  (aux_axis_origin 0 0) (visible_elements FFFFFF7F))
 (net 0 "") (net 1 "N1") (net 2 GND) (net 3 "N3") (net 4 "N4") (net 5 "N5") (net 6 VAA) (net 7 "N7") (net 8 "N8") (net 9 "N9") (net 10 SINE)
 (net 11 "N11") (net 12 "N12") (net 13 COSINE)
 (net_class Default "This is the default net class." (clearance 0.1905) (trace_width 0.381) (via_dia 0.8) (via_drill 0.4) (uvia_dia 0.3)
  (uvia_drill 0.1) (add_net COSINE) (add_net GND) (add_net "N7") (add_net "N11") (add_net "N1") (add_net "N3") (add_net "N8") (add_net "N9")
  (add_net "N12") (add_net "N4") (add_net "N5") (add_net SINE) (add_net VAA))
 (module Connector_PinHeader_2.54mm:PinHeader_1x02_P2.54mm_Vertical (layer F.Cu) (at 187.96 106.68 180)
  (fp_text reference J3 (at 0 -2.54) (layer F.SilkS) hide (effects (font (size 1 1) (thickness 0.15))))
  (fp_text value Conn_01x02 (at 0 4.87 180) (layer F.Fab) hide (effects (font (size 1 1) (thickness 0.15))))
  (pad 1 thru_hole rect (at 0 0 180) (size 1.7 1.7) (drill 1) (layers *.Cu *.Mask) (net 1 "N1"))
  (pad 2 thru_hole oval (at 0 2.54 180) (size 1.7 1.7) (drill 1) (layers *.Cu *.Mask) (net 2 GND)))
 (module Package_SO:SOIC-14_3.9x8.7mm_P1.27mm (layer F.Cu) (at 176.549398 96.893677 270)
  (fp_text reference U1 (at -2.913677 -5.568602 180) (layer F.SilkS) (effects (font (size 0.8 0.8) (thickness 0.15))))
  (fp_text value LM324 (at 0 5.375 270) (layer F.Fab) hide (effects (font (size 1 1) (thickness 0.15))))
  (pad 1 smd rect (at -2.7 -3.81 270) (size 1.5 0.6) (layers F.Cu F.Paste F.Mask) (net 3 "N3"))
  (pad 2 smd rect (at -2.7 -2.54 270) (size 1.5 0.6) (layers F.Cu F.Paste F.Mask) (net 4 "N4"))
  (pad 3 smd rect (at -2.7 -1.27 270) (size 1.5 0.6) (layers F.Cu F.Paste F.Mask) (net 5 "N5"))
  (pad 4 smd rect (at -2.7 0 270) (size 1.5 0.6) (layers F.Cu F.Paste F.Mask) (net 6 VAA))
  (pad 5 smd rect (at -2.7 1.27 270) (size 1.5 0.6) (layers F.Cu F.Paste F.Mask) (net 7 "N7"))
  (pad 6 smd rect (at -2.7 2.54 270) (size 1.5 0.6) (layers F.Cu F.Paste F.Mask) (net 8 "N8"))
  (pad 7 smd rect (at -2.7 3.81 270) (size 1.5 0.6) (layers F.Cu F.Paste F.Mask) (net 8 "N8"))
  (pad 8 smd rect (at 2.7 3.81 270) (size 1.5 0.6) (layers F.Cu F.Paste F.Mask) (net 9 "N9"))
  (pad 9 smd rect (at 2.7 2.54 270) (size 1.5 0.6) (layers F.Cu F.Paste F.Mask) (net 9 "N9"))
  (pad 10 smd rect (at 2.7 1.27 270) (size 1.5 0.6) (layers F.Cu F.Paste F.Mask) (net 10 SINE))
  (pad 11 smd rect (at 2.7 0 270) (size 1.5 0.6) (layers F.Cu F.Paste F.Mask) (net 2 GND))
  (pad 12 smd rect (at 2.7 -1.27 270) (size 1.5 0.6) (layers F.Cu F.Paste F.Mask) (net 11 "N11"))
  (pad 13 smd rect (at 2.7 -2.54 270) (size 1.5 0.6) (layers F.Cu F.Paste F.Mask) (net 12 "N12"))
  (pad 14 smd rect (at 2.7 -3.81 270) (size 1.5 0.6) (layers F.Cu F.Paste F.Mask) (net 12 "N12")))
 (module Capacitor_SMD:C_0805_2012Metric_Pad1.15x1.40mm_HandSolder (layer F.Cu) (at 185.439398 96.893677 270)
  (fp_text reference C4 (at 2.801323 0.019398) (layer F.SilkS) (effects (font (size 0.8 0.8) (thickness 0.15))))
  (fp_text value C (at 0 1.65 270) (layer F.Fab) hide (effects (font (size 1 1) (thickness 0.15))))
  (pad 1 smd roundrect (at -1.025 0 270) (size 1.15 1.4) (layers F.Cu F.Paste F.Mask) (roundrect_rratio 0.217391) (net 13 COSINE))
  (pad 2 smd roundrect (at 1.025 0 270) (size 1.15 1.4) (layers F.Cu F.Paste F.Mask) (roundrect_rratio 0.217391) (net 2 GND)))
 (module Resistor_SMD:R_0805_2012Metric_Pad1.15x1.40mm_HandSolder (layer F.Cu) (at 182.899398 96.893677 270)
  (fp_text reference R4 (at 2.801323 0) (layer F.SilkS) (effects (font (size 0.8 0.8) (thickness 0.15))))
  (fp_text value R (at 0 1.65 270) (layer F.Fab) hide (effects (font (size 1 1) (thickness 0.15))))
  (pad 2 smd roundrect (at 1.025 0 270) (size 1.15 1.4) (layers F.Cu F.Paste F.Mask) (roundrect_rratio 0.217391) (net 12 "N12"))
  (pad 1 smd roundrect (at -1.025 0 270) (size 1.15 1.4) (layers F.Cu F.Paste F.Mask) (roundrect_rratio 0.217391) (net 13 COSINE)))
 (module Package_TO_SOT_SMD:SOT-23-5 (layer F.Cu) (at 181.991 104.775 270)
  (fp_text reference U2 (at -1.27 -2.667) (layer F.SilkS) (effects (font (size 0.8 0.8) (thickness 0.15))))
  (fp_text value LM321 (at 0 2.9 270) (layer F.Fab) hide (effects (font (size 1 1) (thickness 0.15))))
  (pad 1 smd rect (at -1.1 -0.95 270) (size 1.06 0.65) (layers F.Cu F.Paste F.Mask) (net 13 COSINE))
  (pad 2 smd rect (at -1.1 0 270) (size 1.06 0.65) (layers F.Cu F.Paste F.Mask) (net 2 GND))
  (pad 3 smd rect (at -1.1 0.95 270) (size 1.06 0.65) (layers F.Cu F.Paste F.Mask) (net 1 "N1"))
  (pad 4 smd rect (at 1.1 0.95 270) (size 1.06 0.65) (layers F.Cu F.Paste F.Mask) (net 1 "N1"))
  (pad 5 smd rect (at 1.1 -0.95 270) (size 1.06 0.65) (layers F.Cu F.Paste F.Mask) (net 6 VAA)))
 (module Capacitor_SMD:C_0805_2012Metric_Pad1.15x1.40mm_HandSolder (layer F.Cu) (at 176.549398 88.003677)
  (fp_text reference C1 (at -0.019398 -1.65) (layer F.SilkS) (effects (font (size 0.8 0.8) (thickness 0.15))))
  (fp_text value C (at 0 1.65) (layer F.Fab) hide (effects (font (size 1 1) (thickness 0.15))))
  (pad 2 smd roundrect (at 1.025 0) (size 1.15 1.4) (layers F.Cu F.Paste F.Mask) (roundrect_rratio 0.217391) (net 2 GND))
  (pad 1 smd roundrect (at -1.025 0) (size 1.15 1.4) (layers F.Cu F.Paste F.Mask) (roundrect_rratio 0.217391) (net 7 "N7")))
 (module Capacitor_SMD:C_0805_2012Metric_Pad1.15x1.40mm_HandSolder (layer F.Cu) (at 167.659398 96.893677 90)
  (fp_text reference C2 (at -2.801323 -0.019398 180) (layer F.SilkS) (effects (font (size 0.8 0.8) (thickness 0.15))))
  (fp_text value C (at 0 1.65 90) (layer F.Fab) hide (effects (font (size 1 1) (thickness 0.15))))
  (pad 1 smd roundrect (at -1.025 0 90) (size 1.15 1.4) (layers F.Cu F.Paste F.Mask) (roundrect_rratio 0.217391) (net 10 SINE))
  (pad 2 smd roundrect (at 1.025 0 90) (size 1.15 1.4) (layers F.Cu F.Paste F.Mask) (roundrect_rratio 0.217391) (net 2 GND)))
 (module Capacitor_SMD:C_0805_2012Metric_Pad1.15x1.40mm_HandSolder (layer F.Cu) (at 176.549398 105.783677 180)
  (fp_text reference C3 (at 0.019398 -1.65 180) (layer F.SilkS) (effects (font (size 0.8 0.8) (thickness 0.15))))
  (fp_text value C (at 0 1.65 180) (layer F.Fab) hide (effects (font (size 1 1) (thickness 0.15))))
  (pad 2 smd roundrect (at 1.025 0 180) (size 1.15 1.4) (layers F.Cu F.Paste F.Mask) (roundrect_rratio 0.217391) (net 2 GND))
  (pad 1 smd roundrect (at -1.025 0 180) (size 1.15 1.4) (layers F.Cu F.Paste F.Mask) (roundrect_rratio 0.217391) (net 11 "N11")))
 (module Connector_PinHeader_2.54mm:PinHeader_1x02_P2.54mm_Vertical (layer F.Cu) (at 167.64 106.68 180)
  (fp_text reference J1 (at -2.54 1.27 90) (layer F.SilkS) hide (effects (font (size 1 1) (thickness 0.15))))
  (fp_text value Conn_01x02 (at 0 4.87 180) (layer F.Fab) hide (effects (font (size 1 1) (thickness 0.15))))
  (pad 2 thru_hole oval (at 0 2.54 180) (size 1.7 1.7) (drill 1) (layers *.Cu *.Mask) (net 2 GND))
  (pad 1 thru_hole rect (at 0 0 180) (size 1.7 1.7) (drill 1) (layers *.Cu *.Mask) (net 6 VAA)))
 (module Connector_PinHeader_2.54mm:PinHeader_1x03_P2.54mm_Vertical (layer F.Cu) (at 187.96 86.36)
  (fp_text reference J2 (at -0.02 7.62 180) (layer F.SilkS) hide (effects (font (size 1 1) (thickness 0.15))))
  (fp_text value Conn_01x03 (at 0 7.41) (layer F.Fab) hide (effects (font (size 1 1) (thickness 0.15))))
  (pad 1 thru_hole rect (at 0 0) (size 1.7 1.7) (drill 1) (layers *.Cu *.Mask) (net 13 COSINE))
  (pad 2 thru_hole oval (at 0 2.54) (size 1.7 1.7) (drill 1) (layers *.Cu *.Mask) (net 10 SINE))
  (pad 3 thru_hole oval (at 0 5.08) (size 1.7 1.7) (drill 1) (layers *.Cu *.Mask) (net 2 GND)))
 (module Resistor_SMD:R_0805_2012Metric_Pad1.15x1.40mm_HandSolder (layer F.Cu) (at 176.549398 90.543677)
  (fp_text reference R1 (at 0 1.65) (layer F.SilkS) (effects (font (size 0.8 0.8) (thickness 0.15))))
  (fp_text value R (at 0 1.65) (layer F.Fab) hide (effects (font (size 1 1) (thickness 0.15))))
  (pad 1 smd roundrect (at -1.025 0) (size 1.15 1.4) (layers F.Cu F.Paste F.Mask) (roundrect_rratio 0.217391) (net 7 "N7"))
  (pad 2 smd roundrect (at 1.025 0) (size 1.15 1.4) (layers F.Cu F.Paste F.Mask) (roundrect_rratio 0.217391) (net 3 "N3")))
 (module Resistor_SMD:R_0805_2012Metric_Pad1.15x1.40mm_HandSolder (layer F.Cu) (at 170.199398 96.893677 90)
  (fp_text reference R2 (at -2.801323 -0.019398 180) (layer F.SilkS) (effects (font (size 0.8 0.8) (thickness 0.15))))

**Work task:** Among the entries above, the line containing "(uvia_drill 0.1) (add_net", the line containing "(module Package_SO:SOIC-14_3.9x8.7mm_P1.27mm (layer", and all lines between them are to be restated word for word; nothing else belongs in the reply.

**Task answer:**
  (uvia_drill 0.1) (add_net COSINE) (add_net GND) (add_net "N7") (add_net "N11") (add_net "N1") (add_net "N3") (add_net "N8") (add_net "N9")
  (add_net "N12") (add_net "N4") (add_net "N5") (add_net SINE) (add_net VAA))
 (module Connector_PinHeader_2.54mm:PinHeader_1x02_P2.54mm_Vertical (layer F.Cu) (at 187.96 106.68 180)
  (fp_text reference J3 (at 0 -2.54) (layer F.SilkS) hide (effects (font (size 1 1) (thickness 0.15))))
  (fp_text value Conn_01x02 (at 0 4.87 180) (layer F.Fab) hide (effects (font (size 1 1) (thickness 0.15))))
  (pad 1 thru_hole rect (at 0 0 180) (size 1.7 1.7) (drill 1) (layers *.Cu *.Mask) (net 1 "N1"))
  (pad 2 thru_hole oval (at 0 2.54 180) (size 1.7 1.7) (drill 1) (layers *.Cu *.Mask) (net 2 GND)))
 (module Package_SO:SOIC-14_3.9x8.7mm_P1.27mm (layer F.Cu) (at 176.549398 96.893677 270)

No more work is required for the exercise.